HTML 문자열을 일반 텍스트로 변환해야합니다 (HTML 민첩성 팩 사용이 바람직 함). 적절한 흰 공백과 특히 줄 바꿈이 적절한 경우 .
그리고 "적절한 줄 바꿈 (line-breaks)"에 의해이 코드가 의미하는 바는 다음과 같습니다.
<div>
<div>
<div>
line1
</div>
</div>
</div>
<div>line2</div>
다음으로 변환해야합니다.
line1
line2
즉 단 하나의 줄 바꿈.
내가 본 솔루션의 대부분은 모든 <div> <br> <p>
태그를 \n
분명히 s * cks)로 변환합니다.
C #을위한 html-to-plaintext 렌더링 논리에 대한 제안? 완전한 코드는 아니지만, 적어도 공통 논리는 "모든 닫는 DIV를 줄 바꿈으로 바꾸십시오.하지만 다음 형제가 DIV가 아닐지라도"정말 도움이 될 것입니다.
내가 시도한 것들 : 단순히 .InnerText
속성 (잘못 분명히), 정규식 (천천히, 고통스러운, 많은 해킹, 또한 정규식은 12 배 더 느린 HtmlAgilityPack - 나는 그것을 측정했다),이 솔루션 과 유사한 (더 줄 바꿈을 반환합니다. 필수)
아래의 코드는 제공된 예제에서 올바르게 작동하지만 <div><br></div>
와 같은 이상한 것을 다루기는하지만 여전히 개선해야 할 사항이 있지만 기본적인 아이디어가 있습니다. 의견을보십시오.
public static string FormatLineBreaks(string html)
{
//first - remove all the existing '\n' from HTML
//they mean nothing in HTML, but break our logic
html = html.Replace("\r", "").Replace("\n", " ");
//now create an Html Agile Doc object
HtmlDocument doc = new HtmlDocument();
doc.LoadHtml(html);
//remove comments, head, style and script tags
foreach (HtmlNode node in doc.DocumentNode.SafeSelectNodes("//comment() | //script | //style | //head"))
{
node.ParentNode.RemoveChild(node);
}
//now remove all "meaningless" inline elements like "span"
foreach (HtmlNode node in doc.DocumentNode.SafeSelectNodes("//span | //label")) //add "b", "i" if required
{
node.ParentNode.ReplaceChild(HtmlNode.CreateNode(node.InnerHtml), node);
}
//block-elements - convert to line-breaks
foreach (HtmlNode node in doc.DocumentNode.SafeSelectNodes("//p | //div")) //you could add more tags here
{
//we add a "\n" ONLY if the node contains some plain text as "direct" child
//meaning - text is not nested inside children, but only one-level deep
//use XPath to find direct "text" in element
var txtNode = node.SelectSingleNode("text()");
//no "direct" text - NOT ADDDING the \n !!!!

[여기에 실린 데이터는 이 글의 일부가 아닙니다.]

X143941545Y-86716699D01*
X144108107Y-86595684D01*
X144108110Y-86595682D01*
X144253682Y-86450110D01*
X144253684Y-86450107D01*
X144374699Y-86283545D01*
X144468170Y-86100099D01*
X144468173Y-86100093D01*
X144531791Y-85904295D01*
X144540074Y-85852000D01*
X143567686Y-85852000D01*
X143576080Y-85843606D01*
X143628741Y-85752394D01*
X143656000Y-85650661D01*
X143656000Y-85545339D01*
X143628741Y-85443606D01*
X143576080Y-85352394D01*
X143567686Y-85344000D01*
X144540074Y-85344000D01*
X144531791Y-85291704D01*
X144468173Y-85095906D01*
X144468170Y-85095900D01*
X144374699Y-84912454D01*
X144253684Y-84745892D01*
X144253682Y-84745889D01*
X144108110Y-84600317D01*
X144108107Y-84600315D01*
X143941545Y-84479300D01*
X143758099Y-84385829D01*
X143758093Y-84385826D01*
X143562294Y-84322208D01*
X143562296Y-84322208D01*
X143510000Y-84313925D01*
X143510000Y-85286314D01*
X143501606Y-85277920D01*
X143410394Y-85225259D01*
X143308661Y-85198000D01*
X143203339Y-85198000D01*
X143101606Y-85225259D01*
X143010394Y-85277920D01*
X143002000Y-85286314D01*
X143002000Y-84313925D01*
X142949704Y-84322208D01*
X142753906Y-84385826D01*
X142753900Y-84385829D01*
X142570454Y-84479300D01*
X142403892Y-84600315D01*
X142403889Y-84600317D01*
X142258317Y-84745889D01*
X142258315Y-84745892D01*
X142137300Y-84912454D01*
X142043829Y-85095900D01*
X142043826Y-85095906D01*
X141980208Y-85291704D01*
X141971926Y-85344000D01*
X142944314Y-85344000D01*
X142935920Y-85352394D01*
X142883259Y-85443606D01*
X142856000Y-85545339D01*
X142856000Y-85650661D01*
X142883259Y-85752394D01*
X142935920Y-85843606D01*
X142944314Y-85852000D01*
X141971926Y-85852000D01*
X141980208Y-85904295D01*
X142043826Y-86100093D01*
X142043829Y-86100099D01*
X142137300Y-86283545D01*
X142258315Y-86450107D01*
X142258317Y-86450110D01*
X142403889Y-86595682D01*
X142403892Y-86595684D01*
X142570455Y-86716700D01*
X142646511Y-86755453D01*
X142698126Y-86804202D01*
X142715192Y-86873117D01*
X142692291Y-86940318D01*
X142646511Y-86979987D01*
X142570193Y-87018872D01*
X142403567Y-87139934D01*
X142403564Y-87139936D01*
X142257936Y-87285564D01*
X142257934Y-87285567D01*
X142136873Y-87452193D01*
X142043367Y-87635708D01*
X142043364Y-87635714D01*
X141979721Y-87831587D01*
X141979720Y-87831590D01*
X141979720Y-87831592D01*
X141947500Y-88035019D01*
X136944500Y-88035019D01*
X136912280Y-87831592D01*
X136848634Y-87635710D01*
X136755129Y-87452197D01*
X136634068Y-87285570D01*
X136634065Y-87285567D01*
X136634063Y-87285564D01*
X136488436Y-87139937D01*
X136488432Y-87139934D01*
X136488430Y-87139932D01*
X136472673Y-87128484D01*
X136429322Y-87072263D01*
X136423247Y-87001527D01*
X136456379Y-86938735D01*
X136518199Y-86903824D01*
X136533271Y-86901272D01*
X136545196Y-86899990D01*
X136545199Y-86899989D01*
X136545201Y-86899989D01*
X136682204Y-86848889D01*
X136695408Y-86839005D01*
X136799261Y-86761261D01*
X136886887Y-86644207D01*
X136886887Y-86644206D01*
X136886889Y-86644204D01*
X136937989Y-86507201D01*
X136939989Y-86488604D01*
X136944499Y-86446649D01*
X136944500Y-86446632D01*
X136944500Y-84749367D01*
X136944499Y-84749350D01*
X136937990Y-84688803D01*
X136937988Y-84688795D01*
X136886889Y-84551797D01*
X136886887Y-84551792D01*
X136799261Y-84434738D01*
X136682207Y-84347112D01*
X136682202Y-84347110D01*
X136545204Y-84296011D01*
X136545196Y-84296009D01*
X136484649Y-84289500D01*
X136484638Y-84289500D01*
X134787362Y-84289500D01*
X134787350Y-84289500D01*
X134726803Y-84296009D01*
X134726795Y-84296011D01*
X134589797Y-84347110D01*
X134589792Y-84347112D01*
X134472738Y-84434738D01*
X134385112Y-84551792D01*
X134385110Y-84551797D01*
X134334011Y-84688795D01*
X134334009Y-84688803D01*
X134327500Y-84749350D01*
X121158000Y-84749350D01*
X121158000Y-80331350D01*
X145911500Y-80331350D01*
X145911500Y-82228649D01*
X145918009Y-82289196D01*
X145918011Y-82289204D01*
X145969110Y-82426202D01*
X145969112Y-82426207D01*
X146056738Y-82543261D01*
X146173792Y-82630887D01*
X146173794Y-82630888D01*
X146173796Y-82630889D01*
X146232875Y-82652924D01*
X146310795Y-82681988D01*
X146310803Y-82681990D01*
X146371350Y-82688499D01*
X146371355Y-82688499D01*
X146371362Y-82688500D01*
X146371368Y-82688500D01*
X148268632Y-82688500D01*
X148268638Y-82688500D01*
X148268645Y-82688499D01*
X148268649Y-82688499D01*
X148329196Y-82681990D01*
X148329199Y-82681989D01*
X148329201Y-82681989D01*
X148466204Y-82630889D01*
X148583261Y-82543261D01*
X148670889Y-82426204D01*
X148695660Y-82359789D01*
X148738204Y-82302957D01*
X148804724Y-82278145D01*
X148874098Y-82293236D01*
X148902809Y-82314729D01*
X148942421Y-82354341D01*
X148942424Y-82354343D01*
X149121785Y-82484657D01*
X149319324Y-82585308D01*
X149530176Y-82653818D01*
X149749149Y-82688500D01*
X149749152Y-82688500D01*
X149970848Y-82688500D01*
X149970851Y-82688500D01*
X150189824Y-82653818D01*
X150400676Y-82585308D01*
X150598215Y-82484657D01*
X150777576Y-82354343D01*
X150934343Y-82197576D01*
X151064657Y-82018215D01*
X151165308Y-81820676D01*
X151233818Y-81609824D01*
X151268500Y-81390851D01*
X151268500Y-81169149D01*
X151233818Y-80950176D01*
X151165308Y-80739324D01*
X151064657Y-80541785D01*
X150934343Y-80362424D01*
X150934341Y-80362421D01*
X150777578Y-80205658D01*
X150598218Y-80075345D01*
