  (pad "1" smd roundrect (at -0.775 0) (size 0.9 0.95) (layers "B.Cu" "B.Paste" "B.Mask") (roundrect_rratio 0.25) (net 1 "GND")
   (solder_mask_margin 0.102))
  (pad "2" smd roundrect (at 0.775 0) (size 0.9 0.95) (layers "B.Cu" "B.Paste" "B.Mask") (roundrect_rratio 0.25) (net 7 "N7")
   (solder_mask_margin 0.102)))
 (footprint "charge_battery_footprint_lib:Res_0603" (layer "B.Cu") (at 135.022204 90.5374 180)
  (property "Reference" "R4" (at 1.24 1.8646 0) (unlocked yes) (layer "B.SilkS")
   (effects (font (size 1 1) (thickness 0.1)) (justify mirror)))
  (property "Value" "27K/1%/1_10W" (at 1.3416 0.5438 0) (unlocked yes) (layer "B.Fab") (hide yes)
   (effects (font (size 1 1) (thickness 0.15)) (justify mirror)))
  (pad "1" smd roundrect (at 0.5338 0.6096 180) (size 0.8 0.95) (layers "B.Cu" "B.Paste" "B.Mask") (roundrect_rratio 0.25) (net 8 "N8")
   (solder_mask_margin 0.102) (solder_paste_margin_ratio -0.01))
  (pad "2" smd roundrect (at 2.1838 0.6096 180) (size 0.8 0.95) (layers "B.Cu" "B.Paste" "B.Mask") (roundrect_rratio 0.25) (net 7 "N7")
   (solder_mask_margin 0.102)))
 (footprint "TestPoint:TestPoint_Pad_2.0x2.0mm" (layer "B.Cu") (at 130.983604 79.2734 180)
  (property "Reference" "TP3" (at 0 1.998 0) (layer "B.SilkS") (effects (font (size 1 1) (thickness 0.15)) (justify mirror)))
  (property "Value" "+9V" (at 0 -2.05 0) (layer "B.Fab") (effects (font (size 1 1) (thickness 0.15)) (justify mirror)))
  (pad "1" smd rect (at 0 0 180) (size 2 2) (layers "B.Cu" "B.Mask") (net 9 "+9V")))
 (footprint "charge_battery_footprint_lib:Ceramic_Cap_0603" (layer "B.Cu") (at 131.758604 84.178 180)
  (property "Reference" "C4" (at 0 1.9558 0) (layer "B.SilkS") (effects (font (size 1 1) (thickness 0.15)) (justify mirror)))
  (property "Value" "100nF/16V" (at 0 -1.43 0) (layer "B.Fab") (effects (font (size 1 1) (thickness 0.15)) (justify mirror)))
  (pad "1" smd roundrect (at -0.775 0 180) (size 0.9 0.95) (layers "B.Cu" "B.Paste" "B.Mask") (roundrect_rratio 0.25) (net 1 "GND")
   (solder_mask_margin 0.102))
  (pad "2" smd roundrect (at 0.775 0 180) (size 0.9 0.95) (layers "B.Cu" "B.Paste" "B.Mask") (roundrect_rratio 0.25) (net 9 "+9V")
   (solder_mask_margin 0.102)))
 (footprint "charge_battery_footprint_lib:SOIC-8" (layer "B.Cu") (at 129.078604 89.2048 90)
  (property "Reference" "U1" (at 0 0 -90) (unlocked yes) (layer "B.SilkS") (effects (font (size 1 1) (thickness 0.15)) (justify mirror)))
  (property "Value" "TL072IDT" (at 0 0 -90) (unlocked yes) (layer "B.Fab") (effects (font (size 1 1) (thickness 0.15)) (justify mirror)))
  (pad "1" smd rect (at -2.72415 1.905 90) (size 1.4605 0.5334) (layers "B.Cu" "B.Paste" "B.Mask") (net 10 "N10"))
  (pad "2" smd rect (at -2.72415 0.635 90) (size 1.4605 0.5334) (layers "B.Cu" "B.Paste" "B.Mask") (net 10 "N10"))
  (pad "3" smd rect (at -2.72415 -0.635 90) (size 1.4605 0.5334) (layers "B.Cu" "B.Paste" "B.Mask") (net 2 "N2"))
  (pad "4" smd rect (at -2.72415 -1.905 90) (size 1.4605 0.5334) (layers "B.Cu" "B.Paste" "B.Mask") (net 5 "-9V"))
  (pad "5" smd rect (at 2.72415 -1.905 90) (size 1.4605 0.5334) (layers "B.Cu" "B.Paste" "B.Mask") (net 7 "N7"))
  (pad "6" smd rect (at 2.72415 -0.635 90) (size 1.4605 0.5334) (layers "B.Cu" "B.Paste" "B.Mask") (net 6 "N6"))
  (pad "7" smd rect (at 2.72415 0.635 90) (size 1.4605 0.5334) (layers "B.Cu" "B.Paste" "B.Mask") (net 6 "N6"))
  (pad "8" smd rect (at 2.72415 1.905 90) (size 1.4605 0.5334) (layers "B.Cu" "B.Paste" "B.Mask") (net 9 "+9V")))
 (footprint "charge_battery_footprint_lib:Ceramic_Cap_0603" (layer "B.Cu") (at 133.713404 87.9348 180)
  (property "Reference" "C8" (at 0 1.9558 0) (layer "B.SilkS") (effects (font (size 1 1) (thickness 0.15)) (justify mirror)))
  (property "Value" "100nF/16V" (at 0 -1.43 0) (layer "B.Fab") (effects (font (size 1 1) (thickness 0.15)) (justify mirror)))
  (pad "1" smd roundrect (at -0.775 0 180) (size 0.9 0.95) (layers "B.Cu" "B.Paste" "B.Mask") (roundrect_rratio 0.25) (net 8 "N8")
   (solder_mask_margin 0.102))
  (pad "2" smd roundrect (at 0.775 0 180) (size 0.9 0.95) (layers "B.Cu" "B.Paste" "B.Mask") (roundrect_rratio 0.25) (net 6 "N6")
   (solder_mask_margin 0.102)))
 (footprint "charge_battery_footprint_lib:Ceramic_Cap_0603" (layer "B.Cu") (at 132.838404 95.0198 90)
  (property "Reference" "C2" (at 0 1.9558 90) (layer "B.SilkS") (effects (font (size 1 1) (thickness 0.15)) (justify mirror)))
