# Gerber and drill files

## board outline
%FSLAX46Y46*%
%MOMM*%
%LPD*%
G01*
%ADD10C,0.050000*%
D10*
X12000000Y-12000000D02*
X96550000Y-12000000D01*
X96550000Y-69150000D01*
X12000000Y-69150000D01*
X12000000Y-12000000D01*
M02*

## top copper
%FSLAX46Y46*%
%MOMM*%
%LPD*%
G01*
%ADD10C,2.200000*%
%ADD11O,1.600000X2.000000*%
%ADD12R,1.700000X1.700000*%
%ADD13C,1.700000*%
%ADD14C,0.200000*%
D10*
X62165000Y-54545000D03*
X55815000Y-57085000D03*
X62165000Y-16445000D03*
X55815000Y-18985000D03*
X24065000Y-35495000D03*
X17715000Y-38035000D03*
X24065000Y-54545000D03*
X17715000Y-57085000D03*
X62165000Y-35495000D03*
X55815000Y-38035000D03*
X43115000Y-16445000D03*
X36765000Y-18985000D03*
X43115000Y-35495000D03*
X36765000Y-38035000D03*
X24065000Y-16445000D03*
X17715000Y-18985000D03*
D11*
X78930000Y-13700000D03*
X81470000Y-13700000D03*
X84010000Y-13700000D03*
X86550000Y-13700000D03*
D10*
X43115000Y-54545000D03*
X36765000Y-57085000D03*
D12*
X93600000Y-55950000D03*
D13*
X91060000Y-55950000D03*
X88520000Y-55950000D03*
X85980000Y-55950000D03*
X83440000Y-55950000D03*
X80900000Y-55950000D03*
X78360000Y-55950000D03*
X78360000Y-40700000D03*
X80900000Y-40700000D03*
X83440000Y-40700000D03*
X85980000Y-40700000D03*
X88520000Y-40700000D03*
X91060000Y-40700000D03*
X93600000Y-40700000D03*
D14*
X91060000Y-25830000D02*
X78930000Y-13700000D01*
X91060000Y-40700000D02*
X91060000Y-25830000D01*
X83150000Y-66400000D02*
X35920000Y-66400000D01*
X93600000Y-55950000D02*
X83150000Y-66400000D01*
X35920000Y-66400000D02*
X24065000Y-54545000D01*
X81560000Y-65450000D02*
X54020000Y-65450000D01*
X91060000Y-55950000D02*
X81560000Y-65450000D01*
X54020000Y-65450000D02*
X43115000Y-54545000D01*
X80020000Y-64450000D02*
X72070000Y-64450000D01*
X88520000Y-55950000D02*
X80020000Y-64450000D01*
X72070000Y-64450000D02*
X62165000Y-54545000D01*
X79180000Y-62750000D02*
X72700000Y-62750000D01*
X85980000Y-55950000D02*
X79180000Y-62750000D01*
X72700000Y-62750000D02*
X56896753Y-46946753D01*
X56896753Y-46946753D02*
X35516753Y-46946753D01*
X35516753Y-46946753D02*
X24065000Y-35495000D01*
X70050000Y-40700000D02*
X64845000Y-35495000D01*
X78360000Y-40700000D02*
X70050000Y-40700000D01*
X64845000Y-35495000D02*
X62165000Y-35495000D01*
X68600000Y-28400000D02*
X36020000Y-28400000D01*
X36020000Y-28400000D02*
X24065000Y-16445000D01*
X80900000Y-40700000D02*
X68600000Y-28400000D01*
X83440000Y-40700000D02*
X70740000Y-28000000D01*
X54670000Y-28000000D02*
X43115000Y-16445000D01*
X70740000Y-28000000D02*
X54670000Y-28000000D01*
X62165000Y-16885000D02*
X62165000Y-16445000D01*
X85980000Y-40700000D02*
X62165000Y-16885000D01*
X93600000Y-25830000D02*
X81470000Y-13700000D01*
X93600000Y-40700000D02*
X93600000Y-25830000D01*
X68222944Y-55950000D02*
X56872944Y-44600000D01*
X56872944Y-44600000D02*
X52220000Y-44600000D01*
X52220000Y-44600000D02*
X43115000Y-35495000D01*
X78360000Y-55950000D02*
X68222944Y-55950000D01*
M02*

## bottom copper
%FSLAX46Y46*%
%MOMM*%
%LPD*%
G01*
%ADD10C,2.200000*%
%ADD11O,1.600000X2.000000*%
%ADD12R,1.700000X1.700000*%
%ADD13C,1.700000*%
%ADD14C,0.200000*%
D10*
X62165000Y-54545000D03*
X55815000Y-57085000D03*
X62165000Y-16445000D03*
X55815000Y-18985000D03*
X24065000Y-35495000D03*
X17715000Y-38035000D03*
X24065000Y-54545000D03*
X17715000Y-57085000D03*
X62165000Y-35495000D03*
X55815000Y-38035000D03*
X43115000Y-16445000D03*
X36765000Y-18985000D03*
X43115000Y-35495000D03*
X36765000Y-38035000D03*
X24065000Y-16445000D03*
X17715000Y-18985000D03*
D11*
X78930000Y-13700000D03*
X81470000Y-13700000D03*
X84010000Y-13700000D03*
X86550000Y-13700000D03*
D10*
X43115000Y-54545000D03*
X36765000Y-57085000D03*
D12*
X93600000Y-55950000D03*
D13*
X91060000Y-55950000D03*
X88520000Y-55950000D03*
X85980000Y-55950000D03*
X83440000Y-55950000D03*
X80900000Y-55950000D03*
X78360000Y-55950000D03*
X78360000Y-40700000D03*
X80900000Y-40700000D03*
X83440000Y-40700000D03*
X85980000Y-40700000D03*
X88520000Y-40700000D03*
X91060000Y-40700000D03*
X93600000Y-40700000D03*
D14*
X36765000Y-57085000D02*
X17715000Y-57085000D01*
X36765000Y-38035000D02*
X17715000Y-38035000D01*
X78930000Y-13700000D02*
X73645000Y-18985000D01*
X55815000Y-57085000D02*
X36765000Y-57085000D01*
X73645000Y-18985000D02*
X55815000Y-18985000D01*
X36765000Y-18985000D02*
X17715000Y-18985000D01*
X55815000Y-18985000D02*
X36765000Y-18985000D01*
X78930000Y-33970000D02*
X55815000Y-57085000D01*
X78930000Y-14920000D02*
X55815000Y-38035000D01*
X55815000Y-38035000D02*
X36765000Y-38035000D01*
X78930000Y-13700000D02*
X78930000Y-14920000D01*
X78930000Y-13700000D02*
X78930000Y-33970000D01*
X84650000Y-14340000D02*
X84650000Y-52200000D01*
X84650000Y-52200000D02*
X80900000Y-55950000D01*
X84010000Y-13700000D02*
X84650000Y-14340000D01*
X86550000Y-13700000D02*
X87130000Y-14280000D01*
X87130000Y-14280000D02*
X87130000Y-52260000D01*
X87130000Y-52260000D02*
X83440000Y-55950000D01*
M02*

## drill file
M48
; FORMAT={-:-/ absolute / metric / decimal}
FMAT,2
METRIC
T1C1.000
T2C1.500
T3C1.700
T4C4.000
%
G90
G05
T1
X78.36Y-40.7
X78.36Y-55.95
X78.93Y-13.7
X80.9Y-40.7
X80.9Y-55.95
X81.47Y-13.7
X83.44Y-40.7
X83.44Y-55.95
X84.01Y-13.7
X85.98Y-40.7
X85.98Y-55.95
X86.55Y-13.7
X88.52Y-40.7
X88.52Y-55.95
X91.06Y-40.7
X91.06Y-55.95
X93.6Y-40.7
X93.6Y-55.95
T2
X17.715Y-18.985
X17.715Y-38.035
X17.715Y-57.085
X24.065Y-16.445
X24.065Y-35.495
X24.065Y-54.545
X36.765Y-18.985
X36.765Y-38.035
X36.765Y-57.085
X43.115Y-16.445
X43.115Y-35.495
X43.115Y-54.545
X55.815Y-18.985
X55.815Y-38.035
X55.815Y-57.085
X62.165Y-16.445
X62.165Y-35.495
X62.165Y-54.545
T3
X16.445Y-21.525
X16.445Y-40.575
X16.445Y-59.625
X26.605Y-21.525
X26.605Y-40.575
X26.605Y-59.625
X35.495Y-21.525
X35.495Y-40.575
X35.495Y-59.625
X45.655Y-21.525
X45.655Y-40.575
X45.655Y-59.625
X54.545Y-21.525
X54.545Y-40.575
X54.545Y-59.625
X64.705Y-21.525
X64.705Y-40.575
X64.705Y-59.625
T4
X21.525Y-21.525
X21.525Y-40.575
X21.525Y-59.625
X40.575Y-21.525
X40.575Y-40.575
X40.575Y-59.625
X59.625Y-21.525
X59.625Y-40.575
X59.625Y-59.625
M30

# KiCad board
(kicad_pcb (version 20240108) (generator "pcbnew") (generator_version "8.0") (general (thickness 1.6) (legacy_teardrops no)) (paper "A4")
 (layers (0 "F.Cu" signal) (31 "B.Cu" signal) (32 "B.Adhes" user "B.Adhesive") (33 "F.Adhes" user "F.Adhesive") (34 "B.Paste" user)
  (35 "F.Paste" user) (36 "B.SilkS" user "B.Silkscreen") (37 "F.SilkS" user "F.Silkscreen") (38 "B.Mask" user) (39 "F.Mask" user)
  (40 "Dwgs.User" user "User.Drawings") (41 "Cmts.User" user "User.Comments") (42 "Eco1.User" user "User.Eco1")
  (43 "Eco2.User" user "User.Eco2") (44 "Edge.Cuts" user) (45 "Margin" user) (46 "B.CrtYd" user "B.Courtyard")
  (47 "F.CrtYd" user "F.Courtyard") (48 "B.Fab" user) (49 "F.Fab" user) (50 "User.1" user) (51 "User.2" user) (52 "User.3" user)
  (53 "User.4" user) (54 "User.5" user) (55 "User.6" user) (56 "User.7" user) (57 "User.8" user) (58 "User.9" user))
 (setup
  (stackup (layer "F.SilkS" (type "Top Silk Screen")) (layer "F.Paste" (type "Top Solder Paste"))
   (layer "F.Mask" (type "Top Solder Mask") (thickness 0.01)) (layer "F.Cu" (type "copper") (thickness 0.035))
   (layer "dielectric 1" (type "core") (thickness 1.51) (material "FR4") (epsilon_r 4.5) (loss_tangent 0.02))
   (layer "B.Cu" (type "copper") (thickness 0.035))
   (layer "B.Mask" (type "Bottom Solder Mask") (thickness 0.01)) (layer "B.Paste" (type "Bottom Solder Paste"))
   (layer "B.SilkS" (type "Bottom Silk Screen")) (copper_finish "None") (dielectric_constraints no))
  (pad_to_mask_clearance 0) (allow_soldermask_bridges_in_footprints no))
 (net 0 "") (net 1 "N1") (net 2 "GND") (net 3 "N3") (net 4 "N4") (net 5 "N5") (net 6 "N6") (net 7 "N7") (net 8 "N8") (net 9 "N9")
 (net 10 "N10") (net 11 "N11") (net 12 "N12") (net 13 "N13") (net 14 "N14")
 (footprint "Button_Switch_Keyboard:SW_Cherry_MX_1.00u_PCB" (layer "F.Cu") (at 62.165 54.545)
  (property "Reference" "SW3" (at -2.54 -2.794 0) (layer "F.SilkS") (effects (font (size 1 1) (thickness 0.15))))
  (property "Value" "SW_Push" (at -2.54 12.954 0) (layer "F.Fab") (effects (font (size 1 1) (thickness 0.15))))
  (pad "" np_thru_hole circle (at -7.62 5.08) (size 1.7 1.7) (drill 1.7) (layers "*.Cu" "*.Mask"))
  (pad "" np_thru_hole circle (at -2.54 5.08) (size 4 4) (drill 4) (layers "*.Cu" "*.Mask"))
  (pad "" np_thru_hole circle (at 2.54 5.08) (size 1.7 1.7) (drill 1.7) (layers "*.Cu" "*.Mask"))
  (pad "1" thru_hole circle (at 0 0) (size 2.2 2.2) (drill 1.5) (layers "*.Cu" "*.Mask") (remove_unused_layers no) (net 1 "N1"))
  (pad "2" thru_hole circle (at -6.35 2.54) (size 2.2 2.2) (drill 1.5) (layers "*.Cu" "*.Mask") (remove_unused_layers no) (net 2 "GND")))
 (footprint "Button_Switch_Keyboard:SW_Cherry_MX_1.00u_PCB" (layer "F.Cu") (at 62.165 16.445)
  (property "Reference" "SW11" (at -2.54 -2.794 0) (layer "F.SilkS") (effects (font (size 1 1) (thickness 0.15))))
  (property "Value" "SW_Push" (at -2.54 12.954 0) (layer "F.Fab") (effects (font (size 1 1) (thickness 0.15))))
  (pad "" np_thru_hole circle (at -7.62 5.08) (size 1.7 1.7) (drill 1.7) (layers "*.Cu" "*.Mask"))
  (pad "" np_thru_hole circle (at -2.54 5.08) (size 4 4) (drill 4) (layers "*.Cu" "*.Mask"))
  (pad "" np_thru_hole circle (at 2.54 5.08) (size 1.7 1.7) (drill 1.7) (layers "*.Cu" "*.Mask"))
  (pad "1" thru_hole circle (at 0 0) (size 2.2 2.2) (drill 1.5) (layers "*.Cu" "*.Mask") (remove_unused_layers no) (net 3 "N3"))
  (pad "2" thru_hole circle (at -6.35 2.54) (size 2.2 2.2) (drill 1.5) (layers "*.Cu" "*.Mask") (remove_unused_layers no) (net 2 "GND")))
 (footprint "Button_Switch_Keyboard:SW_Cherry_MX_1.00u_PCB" (layer "F.Cu") (at 24.065 35.495)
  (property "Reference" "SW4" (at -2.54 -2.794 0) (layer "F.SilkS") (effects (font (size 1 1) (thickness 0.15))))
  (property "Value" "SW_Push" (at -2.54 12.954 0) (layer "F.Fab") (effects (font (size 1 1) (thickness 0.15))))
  (pad "" np_thru_hole circle (at -7.62 5.08) (size 1.7 1.7) (drill 1.7) (layers "*.Cu" "*.Mask"))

if (txtNode == null || txtNode.InnerHtml.Trim() == "") continue;
//"surround" the node with line breaks
node.ParentNode.InsertBefore(doc.CreateTextNode("\r\n"), node);
node.ParentNode.InsertAfter(doc.CreateTextNode("\r\n"), node);
}
//todo: might need to replace multiple "\n\n" into one here, I'm still testing...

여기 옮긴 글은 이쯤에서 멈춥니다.